Hatch was not finished. "You were not a board member?"
"I was not a board member."
The man from Utah was relentless. "You were not even an active member of the organization, to the best of your recollection?"
Alito could not deny it. "I don't believe I did anything that was active in relation to this organization," he said.
At this point, Hatch went for the kill. "Are you against women and minorities attending colleges?"
"Absolutely not, senator," the nominee testified, as the gallery erupted in laughter at Hatch.
Even Hatch, smiling, acknowledged his line of questioning was a bit limp. "You know, I felt that would be your answer," the senator said. "I really did."

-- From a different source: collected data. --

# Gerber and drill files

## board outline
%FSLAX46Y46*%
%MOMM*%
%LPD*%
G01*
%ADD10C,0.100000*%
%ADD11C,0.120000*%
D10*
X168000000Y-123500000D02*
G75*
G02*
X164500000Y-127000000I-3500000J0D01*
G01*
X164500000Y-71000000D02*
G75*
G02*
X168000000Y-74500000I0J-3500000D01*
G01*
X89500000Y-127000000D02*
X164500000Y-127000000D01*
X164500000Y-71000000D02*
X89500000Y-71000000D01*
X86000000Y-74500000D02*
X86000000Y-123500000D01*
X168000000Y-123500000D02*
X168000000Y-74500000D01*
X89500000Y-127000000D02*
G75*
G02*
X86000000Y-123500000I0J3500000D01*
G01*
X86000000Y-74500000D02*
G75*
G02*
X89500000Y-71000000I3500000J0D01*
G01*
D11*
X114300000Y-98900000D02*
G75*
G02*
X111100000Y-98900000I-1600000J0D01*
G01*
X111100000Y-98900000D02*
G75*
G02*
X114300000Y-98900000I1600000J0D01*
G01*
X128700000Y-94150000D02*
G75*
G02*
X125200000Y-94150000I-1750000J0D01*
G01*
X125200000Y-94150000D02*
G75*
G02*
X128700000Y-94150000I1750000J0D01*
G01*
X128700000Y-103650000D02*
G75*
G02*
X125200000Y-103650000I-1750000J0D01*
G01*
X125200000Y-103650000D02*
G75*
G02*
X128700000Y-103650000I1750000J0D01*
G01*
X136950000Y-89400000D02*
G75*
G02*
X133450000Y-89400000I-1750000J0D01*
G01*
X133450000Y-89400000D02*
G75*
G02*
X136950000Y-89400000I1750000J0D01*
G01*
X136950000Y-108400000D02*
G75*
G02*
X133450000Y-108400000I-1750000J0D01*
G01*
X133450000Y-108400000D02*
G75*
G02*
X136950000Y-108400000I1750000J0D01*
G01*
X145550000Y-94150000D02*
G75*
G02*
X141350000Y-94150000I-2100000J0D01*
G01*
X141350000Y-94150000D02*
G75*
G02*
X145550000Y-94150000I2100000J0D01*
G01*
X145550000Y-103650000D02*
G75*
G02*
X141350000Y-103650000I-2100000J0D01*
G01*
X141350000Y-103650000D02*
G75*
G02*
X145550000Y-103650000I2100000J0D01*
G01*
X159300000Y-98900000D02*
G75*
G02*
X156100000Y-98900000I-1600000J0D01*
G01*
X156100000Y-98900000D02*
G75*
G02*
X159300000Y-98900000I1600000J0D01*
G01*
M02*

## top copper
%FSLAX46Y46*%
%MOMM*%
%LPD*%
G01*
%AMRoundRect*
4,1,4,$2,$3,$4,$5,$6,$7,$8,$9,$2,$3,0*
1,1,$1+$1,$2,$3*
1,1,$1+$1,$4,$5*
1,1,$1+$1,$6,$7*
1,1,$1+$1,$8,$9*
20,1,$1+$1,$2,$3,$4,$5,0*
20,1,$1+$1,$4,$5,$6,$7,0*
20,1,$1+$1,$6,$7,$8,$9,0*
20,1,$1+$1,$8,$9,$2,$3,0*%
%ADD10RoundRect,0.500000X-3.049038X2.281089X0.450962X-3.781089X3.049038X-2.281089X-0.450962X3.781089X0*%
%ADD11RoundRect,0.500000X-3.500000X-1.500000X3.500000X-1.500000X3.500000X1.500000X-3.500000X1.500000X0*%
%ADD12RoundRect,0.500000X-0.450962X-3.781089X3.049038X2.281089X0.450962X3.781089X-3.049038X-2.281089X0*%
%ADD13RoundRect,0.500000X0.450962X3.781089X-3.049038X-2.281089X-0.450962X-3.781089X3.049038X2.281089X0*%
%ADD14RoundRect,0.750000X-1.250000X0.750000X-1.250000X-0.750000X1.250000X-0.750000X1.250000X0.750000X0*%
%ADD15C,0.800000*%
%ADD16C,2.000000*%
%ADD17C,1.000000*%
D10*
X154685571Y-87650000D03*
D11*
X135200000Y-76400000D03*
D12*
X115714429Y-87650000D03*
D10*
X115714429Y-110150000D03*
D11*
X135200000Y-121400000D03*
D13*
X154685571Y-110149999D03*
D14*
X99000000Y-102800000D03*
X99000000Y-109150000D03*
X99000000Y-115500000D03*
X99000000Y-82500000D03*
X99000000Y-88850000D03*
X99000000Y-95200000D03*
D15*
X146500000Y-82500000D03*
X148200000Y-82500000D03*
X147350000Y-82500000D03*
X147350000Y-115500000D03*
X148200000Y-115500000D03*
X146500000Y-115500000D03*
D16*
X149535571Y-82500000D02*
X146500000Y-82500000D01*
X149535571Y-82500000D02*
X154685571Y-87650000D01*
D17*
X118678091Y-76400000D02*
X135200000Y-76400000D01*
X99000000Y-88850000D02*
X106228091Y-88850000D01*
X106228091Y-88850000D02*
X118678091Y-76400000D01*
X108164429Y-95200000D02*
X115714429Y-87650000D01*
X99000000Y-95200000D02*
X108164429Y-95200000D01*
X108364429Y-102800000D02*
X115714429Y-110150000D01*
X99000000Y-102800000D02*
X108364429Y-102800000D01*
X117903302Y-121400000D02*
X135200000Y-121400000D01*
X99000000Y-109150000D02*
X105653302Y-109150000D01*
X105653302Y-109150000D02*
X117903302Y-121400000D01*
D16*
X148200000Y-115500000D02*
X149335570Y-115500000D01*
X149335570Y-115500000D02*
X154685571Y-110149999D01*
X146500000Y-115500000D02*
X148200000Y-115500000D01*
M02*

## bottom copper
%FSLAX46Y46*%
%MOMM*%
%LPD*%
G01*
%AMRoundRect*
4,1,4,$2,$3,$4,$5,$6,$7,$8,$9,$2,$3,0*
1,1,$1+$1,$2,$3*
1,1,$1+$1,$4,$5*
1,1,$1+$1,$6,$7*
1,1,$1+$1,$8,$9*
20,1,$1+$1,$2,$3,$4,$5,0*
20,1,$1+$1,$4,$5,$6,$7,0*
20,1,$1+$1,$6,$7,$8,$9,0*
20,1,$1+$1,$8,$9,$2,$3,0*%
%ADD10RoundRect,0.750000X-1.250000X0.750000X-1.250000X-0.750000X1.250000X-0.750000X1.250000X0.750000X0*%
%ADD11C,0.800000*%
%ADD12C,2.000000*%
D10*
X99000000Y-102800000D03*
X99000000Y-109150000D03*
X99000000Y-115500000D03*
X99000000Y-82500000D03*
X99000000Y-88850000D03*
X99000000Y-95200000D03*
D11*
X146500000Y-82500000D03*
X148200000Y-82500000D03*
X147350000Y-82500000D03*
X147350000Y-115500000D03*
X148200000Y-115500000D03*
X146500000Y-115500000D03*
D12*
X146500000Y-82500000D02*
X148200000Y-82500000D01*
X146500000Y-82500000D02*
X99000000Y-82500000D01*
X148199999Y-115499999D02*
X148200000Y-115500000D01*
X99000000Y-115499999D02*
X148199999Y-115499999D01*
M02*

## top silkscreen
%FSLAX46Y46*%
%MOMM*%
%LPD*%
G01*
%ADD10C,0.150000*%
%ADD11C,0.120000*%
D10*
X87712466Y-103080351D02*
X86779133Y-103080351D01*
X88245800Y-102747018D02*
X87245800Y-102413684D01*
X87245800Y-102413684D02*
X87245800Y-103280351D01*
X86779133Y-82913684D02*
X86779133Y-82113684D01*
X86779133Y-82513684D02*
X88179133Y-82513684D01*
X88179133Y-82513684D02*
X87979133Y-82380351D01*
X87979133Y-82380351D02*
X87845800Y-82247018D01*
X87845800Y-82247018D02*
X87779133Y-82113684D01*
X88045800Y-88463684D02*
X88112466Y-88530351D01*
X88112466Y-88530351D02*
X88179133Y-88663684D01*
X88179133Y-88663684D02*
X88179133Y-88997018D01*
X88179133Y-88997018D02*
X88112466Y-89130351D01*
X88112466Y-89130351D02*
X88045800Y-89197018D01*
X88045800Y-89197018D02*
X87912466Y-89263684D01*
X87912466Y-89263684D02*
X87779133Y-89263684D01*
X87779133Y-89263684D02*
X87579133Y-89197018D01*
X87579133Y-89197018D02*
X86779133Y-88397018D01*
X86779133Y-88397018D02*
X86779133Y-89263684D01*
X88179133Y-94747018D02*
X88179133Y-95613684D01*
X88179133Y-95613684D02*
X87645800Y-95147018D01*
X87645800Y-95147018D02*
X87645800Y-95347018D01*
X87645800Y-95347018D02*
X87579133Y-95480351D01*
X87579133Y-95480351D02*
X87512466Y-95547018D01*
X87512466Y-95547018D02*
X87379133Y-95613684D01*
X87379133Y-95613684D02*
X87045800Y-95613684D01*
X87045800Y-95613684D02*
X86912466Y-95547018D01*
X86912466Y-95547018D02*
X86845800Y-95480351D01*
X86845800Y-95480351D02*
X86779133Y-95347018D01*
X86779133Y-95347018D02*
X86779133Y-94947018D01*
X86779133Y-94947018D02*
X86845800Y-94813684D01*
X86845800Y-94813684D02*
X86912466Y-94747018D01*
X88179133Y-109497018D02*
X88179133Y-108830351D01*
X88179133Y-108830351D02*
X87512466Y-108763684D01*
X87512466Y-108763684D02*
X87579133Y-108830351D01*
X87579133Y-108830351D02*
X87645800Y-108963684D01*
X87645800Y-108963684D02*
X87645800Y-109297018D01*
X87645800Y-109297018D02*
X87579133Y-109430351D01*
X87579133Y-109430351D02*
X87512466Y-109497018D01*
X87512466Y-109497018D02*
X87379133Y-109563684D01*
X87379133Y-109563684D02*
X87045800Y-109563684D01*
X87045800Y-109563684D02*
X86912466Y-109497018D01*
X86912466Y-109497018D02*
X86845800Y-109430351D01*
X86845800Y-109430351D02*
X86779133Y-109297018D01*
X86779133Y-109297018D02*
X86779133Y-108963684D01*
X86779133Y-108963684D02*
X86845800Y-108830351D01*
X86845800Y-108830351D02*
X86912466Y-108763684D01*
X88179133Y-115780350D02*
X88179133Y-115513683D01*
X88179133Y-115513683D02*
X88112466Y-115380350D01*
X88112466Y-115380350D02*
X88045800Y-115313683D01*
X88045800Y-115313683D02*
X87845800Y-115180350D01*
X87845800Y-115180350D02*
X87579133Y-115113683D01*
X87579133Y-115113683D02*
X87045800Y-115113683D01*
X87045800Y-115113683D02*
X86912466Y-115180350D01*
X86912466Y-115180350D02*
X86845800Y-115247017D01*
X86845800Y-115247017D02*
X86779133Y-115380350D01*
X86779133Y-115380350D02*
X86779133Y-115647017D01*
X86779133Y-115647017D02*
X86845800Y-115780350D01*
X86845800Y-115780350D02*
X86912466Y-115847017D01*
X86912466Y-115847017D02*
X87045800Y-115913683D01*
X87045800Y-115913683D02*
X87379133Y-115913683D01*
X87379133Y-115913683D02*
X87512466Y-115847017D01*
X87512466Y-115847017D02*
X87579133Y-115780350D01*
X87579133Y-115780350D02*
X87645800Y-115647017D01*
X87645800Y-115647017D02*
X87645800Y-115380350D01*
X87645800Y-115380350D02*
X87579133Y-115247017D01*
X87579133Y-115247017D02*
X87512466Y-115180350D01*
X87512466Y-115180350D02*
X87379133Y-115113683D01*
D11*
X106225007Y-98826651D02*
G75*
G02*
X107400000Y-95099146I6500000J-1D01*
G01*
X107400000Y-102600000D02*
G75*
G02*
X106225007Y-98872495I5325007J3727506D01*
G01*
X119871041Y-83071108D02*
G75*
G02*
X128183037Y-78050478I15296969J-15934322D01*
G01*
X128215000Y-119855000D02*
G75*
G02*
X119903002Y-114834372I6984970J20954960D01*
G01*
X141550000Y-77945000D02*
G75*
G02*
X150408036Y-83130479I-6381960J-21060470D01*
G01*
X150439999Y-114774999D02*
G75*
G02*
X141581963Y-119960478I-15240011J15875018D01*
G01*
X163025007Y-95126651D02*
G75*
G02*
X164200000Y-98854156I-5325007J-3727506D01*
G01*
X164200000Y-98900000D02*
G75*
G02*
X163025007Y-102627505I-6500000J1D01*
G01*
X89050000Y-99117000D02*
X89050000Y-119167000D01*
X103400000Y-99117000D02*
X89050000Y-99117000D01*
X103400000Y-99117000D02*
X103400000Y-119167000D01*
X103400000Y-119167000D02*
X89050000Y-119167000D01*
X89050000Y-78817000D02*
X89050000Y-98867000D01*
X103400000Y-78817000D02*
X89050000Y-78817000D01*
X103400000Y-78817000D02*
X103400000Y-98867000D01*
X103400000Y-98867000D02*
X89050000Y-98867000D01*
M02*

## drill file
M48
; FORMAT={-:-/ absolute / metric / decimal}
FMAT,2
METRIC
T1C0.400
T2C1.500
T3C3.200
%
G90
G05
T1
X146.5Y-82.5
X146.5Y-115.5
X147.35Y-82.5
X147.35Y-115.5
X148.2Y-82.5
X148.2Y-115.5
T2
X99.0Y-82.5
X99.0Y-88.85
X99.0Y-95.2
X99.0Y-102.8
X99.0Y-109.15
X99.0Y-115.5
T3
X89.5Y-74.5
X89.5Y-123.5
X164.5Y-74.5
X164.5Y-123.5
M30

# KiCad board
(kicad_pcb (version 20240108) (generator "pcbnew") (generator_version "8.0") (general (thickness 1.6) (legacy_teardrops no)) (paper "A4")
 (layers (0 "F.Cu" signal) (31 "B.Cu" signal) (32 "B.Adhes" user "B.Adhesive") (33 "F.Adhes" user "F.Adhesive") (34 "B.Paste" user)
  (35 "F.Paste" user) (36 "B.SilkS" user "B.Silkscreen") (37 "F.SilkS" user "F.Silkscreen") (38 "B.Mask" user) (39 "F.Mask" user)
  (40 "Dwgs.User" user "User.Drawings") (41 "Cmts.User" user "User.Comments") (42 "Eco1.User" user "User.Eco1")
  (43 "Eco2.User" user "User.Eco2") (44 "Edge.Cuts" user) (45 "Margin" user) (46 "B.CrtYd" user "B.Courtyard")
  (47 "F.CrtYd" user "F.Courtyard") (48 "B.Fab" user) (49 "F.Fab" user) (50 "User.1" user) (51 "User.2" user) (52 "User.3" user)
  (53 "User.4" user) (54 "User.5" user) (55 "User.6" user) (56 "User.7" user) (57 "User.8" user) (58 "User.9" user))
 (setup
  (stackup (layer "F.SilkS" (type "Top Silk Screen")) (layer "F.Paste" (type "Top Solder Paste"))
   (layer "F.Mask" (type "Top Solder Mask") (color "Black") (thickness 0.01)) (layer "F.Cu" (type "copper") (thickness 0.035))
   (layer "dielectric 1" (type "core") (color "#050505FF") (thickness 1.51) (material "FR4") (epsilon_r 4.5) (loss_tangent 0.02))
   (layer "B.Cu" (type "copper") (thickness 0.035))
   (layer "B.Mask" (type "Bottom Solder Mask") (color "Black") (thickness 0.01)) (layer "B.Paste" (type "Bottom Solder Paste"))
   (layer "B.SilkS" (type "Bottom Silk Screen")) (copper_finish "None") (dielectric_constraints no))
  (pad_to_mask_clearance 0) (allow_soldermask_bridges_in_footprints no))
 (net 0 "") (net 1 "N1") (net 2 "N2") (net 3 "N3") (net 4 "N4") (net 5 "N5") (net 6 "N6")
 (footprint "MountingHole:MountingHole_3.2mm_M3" (layer "F.Cu") (at 89.5 123.5)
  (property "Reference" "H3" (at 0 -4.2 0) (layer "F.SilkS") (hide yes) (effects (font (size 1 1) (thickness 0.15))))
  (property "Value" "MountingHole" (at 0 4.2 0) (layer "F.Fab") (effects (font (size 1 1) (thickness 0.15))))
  (pad "" np_thru_hole circle (at 0 0) (size 3.2 3.2) (drill 3.2) (layers "*.Cu" "*.Mask")))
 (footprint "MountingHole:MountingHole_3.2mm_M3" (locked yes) (layer "F.Cu") (at 164.5 123.5)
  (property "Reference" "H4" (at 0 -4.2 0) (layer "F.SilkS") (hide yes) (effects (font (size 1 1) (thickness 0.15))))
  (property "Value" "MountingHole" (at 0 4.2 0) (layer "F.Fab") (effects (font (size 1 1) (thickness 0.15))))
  (pad "" np_thru_hole circle (at 0 0) (size 3.2 3.2) (drill 3.2) (layers "*.Cu" "*.Mask")))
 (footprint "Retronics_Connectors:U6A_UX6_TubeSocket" (layer "F.Cu") (at 135.2 98.9 -90)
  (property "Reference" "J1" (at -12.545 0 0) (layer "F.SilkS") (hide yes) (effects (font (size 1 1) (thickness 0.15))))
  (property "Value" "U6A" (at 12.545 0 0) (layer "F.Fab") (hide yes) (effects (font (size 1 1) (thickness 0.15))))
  (fp_arc (start -0.073349 28.974993) (mid -2.027505 28.674289) (end -3.800854 27.8) (stroke (width 0.12) (type default)) (layer "F.SilkS"))
  (fp_arc (start 3.7 27.8) (mid 1.926651 28.674289) (end -0.027505 28.974993) (stroke (width 0.12) (type default)) (layer "F.SilkS"))
  (fp_arc (start -15.828892 15.328959) (mid -18.801631 11.452275) (end -20.849522 7.016963) (stroke (width 0.12) (type default))
   (layer "F.SilkS"))
  (fp_arc (start 20.955 6.985) (mid 18.907109 11.420312) (end 15.93437 15.296996) (stroke (width 0.12) (type default)) (layer "F.SilkS"))
  (fp_arc (start -20.955 -6.35) (mid -18.88593 -11.085573) (end -15.769521 -15.208036) (stroke (width 0.12) (type default))
   (layer "F.SilkS"))
  (fp_arc (start 15.874999 -15.239999) (mid 18.991407 -11.117536) (end 21.060478 -6.381963) (stroke (width 0.12) (type default))
   (layer "F.SilkS"))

For all the expectations of fireworks on the first day of questioning of Alito, the mood in the hearing room was flat. The chairman of the Judiciary Committee, Sen. Arlen Specter (R-Pa), and the ranking Democrat, Patrick Leahy (Vt.), asked tough questions, but Alito evaded them with the usual technical answers and legal platitudes. Two of the feistier Democrats, Edward M. Kennedy (Mass.) and Joe Biden (Del.) had sharp words for the nominee, but they spent the bulk of their time making speeches. It took Biden 12 minutes to get off a single question to Alito. During his 30-minute round of questioning, Biden spoke about his own Irish American roots and his son's application to Princeton (he attended the University of Pennsylvania instead, Biden said), while still finding time to joke about Sen. Dianne Feinstein's (D-Calif.) eyeglasses. With such Democratic filibusters, Alito had less pressure on him to explain himself.